Kaur likened Remdesevir to the anti-flu drug Tamiflu in that while it is not a cure by itself it can shorten the duration and severity of the illness, and is usually most effective if given early. The general recommendation is to limit use to five days or perhaps 10 if a physician believes there may be some benefit.

“The steroids are also for only for five days because ultimately the body has to fight off the infection. These drugs are there to kind of support and help you do that without becoming vehemently ill.”

Similarly, patients may need antibiotics because their weakened immune systems leave them vulnerable to other infections. Many patients are also given a blood thinner to guard against clots. Full-dose thinners may be given to patients at higher risk for clots or already experiencing them. It’s part of the insidious nature of COVID-19.

“When your body is really inflamed from this virus, everything starts to go a little bit nuts, then your body thinks it’s attacking something and your blood gets thicker and you’re at high risk for blood clots. The anticoagulation is not a treatment, but it’s a supportive care to prevent that.”
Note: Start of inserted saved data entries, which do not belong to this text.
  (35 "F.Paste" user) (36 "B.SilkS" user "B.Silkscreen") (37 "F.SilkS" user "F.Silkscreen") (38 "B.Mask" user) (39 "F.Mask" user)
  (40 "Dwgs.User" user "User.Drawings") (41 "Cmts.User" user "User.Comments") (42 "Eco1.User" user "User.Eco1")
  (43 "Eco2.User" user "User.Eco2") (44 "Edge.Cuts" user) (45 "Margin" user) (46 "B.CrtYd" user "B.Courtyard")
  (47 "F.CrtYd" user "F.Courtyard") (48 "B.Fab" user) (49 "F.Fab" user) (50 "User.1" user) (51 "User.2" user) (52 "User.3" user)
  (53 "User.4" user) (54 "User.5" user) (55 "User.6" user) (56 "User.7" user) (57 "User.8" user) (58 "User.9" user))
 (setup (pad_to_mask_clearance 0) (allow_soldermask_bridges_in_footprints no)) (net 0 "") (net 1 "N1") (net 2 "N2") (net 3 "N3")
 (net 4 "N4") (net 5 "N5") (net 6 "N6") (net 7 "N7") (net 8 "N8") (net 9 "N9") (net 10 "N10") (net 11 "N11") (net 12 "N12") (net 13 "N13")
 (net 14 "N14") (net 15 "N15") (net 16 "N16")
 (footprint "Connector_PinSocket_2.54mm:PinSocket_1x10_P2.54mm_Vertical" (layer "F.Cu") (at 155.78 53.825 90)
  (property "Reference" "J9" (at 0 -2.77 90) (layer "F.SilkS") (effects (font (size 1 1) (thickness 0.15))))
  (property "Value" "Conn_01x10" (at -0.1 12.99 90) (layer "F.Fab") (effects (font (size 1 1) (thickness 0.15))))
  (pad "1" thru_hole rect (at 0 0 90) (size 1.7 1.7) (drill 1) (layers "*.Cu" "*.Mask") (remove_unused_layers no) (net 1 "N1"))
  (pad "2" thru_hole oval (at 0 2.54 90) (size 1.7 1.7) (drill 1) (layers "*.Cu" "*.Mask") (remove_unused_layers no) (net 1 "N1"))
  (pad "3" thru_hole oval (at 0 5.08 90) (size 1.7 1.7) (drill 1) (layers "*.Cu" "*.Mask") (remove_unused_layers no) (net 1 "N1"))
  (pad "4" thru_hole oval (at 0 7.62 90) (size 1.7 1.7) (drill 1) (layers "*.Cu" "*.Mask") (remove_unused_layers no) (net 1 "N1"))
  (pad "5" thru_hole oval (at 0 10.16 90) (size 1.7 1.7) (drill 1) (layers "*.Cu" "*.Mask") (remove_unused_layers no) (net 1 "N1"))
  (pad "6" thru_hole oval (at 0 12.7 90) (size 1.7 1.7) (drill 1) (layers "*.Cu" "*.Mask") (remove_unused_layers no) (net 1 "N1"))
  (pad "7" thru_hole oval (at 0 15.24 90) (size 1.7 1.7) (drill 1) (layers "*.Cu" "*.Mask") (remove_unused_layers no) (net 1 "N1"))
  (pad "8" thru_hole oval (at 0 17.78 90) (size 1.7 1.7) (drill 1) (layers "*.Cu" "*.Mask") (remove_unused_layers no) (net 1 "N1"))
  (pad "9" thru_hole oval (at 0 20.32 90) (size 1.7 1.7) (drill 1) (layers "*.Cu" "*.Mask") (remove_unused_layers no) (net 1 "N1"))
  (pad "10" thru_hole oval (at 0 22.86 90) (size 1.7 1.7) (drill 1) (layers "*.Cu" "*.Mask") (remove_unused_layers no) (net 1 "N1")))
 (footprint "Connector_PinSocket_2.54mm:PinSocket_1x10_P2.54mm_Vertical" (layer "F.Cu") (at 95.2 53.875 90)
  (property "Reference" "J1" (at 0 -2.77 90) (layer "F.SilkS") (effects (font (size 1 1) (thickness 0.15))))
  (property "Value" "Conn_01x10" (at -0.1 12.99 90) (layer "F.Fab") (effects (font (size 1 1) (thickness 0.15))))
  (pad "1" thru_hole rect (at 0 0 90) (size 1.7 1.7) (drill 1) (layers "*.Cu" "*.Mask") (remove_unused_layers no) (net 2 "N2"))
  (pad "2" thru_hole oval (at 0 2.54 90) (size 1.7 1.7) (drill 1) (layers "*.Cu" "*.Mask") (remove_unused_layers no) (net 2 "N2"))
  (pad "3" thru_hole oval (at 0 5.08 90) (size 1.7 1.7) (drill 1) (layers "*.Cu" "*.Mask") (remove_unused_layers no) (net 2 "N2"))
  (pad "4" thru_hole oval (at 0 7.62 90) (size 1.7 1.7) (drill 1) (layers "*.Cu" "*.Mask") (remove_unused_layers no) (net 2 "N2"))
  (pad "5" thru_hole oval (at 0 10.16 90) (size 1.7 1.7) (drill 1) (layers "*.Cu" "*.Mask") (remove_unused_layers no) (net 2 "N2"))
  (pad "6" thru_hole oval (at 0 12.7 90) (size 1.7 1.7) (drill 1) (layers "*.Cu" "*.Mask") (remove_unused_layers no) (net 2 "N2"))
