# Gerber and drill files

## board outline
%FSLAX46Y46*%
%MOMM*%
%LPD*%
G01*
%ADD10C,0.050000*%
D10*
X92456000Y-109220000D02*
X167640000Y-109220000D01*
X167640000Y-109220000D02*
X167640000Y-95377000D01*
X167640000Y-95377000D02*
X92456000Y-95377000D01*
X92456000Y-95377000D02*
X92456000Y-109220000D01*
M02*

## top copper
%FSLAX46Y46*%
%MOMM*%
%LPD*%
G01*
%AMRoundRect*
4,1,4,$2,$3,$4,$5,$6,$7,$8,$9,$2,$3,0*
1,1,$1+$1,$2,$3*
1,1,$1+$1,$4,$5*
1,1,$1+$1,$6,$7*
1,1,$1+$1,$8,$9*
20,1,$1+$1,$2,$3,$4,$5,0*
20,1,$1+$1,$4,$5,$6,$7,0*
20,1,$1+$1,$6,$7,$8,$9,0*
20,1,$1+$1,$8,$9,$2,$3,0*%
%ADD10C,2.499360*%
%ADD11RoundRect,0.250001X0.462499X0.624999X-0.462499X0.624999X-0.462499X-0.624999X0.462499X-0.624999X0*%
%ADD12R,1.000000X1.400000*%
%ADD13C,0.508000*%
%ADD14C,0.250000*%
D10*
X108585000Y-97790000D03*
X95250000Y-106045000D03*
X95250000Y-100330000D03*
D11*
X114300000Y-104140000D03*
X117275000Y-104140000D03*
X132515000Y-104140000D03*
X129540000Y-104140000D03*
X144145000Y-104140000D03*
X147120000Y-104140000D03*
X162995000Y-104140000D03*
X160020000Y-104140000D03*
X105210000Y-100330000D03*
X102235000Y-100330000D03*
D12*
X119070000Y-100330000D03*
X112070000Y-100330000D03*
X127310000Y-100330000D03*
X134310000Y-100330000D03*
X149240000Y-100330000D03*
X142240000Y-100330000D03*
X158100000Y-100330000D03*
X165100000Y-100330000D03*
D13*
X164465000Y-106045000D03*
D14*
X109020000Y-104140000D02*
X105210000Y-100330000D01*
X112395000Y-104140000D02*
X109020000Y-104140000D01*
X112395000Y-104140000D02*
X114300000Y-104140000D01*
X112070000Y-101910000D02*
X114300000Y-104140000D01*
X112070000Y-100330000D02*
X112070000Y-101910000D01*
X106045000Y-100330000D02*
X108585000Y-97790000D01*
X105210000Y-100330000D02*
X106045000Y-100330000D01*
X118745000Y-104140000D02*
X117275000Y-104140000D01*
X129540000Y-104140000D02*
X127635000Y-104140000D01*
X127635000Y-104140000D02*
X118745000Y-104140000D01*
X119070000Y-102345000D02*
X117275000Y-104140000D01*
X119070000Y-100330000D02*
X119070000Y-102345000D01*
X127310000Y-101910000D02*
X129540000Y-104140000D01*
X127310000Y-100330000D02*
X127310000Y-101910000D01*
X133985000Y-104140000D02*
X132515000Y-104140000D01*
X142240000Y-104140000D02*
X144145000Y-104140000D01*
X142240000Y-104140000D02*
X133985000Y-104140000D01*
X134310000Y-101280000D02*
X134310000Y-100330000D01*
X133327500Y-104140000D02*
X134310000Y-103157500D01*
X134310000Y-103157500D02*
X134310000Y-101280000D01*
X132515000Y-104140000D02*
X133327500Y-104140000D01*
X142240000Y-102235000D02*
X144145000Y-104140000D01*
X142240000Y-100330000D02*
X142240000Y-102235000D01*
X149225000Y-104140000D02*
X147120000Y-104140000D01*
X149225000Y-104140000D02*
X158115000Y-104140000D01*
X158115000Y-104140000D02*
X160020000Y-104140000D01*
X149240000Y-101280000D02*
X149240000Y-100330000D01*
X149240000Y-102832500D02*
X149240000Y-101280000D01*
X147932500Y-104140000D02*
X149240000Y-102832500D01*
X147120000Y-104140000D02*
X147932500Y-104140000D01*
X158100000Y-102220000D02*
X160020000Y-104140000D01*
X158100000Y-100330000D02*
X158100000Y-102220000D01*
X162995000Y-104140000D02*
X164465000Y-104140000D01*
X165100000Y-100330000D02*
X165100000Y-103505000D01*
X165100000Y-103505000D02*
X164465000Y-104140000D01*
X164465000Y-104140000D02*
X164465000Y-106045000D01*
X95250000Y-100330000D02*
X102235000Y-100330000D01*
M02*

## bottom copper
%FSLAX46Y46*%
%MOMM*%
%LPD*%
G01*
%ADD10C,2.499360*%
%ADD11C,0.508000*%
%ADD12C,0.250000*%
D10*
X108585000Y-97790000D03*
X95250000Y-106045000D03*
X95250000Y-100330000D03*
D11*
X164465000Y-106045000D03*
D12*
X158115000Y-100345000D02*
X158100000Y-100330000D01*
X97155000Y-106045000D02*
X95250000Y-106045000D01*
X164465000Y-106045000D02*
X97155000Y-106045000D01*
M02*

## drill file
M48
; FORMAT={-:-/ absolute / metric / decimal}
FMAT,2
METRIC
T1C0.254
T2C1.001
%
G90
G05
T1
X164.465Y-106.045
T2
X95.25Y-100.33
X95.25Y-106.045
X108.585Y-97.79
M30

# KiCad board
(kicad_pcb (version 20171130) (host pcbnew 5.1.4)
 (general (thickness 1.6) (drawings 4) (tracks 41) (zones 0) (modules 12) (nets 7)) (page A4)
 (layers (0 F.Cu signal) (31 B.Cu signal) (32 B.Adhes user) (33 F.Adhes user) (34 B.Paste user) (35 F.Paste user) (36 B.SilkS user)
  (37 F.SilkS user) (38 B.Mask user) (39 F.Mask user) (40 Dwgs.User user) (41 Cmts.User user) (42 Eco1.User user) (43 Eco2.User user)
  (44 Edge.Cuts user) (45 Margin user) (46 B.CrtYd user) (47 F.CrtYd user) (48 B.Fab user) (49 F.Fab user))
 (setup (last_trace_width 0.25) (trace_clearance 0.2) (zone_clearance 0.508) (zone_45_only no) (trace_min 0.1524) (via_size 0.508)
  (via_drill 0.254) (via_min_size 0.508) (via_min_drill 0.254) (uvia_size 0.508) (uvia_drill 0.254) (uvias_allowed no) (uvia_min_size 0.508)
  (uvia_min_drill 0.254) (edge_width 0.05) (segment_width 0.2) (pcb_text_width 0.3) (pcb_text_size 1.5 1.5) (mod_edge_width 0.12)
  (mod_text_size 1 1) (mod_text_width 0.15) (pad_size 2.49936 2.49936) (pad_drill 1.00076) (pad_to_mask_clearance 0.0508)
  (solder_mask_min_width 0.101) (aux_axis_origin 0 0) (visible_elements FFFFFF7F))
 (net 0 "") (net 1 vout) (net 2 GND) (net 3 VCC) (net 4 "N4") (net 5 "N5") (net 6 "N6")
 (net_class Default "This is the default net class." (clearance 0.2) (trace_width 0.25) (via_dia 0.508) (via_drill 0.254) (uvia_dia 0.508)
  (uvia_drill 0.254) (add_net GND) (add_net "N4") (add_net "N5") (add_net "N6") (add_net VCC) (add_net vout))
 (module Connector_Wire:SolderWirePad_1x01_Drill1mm (layer F.Cu) (at 108.585 97.79)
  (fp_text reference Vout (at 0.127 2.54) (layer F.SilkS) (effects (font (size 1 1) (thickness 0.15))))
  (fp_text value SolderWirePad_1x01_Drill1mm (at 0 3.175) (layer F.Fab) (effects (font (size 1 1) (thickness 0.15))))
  (pad 1 thru_hole circle (at 0 0) (size 2.49936 2.49936) (drill 1.00076) (layers *.Cu *.Mask) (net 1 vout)))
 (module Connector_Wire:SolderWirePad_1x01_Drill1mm (layer F.Cu) (at 95.25 106.045)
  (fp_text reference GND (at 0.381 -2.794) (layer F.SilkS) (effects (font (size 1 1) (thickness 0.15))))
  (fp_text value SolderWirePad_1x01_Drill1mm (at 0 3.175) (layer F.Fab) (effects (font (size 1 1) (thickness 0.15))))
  (pad 1 thru_hole circle (at 0 0) (size 2.49936 2.49936) (drill 1.00076) (layers *.Cu *.Mask) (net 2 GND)))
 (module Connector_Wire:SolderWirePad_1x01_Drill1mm (layer F.Cu) (at 95.25 100.33)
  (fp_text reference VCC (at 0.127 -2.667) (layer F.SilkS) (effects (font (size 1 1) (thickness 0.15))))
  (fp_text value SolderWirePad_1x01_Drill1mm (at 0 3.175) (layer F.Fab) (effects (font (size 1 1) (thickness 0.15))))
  (pad 1 thru_hole circle (at 0 0) (size 2.49936 2.49936) (drill 1.00076) (layers *.Cu *.Mask) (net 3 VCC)))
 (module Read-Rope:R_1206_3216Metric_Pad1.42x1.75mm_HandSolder (layer F.Cu) (at 115.7875 104.14 180)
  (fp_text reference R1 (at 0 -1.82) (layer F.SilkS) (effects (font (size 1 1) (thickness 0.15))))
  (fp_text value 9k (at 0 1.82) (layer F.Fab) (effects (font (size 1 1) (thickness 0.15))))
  (pad 2 smd roundrect (at 1.4875 0 180) (size 1.425 1.75) (layers F.Cu F.Paste F.Mask) (roundrect_rratio 0.175439) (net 1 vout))
  (pad 1 smd roundrect (at -1.4875 0 180) (size 1.425 1.75) (layers F.Cu F.Paste F.Mask) (roundrect_rratio 0.175439) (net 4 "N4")))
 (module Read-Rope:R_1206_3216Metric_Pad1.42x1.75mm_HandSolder (layer F.Cu) (at 131.0275 104.14 180)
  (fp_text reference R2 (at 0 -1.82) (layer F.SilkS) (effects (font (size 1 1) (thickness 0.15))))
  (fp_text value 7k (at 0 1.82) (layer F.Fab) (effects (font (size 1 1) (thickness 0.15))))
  (pad 1 smd roundrect (at -1.4875 0 180) (size 1.425 1.75) (layers F.Cu F.Paste F.Mask) (roundrect_rratio 0.175439) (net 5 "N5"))
  (pad 2 smd roundrect (at 1.4875 0 180) (size 1.425 1.75) (layers F.Cu F.Paste F.Mask) (roundrect_rratio 0.175439) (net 4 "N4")))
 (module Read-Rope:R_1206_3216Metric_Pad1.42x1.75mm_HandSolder (layer F.Cu) (at 145.6325 104.14 180)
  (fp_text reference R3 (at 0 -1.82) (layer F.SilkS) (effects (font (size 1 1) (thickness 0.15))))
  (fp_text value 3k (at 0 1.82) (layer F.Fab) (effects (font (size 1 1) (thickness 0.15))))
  (pad 2 smd roundrect (at 1.4875 0 180) (size 1.425 1.75) (layers F.Cu F.Paste F.Mask) (roundrect_rratio 0.175439) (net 5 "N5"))
  (pad 1 smd roundrect (at -1.4875 0 180) (size 1.425 1.75) (layers F.Cu F.Paste F.Mask) (roundrect_rratio 0.175439) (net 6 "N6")))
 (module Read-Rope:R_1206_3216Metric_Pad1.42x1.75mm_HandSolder (layer F.Cu) (at 161.5075 104.14 180)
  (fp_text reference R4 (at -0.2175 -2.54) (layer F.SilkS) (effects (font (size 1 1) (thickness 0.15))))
Rome Memorial has iPads for patients to help patients connect to loved ones, and physicians try to keep families updated, Kaur said.

As for when to discharge, generally doctors look for improvement in symptoms, breathing function, oxygen levels in the blood and signs of inflammation, which may be assessed through a certain blood test.

More younger patients are coming in, Kaur said. Some experience anxiety and depression, while others experience last of taste and similar quality-of-life issues. Some patients fully recover, but many, particularly older patients, are at risk for deconditioning and fatigue and require physical therapy in a rehabilitation center after hospital discharge.

“You’re at risk of getting those blood clots up to 90 days after so it’s really not over when you leave the hospital. We still need to make sure that the patients that are going home are able to walk around and ambulate and are not going to be just sitting around in bed because they will get a blood clot.”

As of Tuesday, Rome Memorial was treating seven patients with COVID-19. At times from late summer until late October, the hospital had none. But capacity is not a concern at this point, Kaur said. There is ample room in the hospital itself, and regional hospitals have plans to distribute patients if needed, she added.

“We are also being extremely cautious in who we admit and trying not to admit patients who really don’t need to be here, and offering them services at home. If they need oxygen at home we can do those kinds of things too to get them home faster.”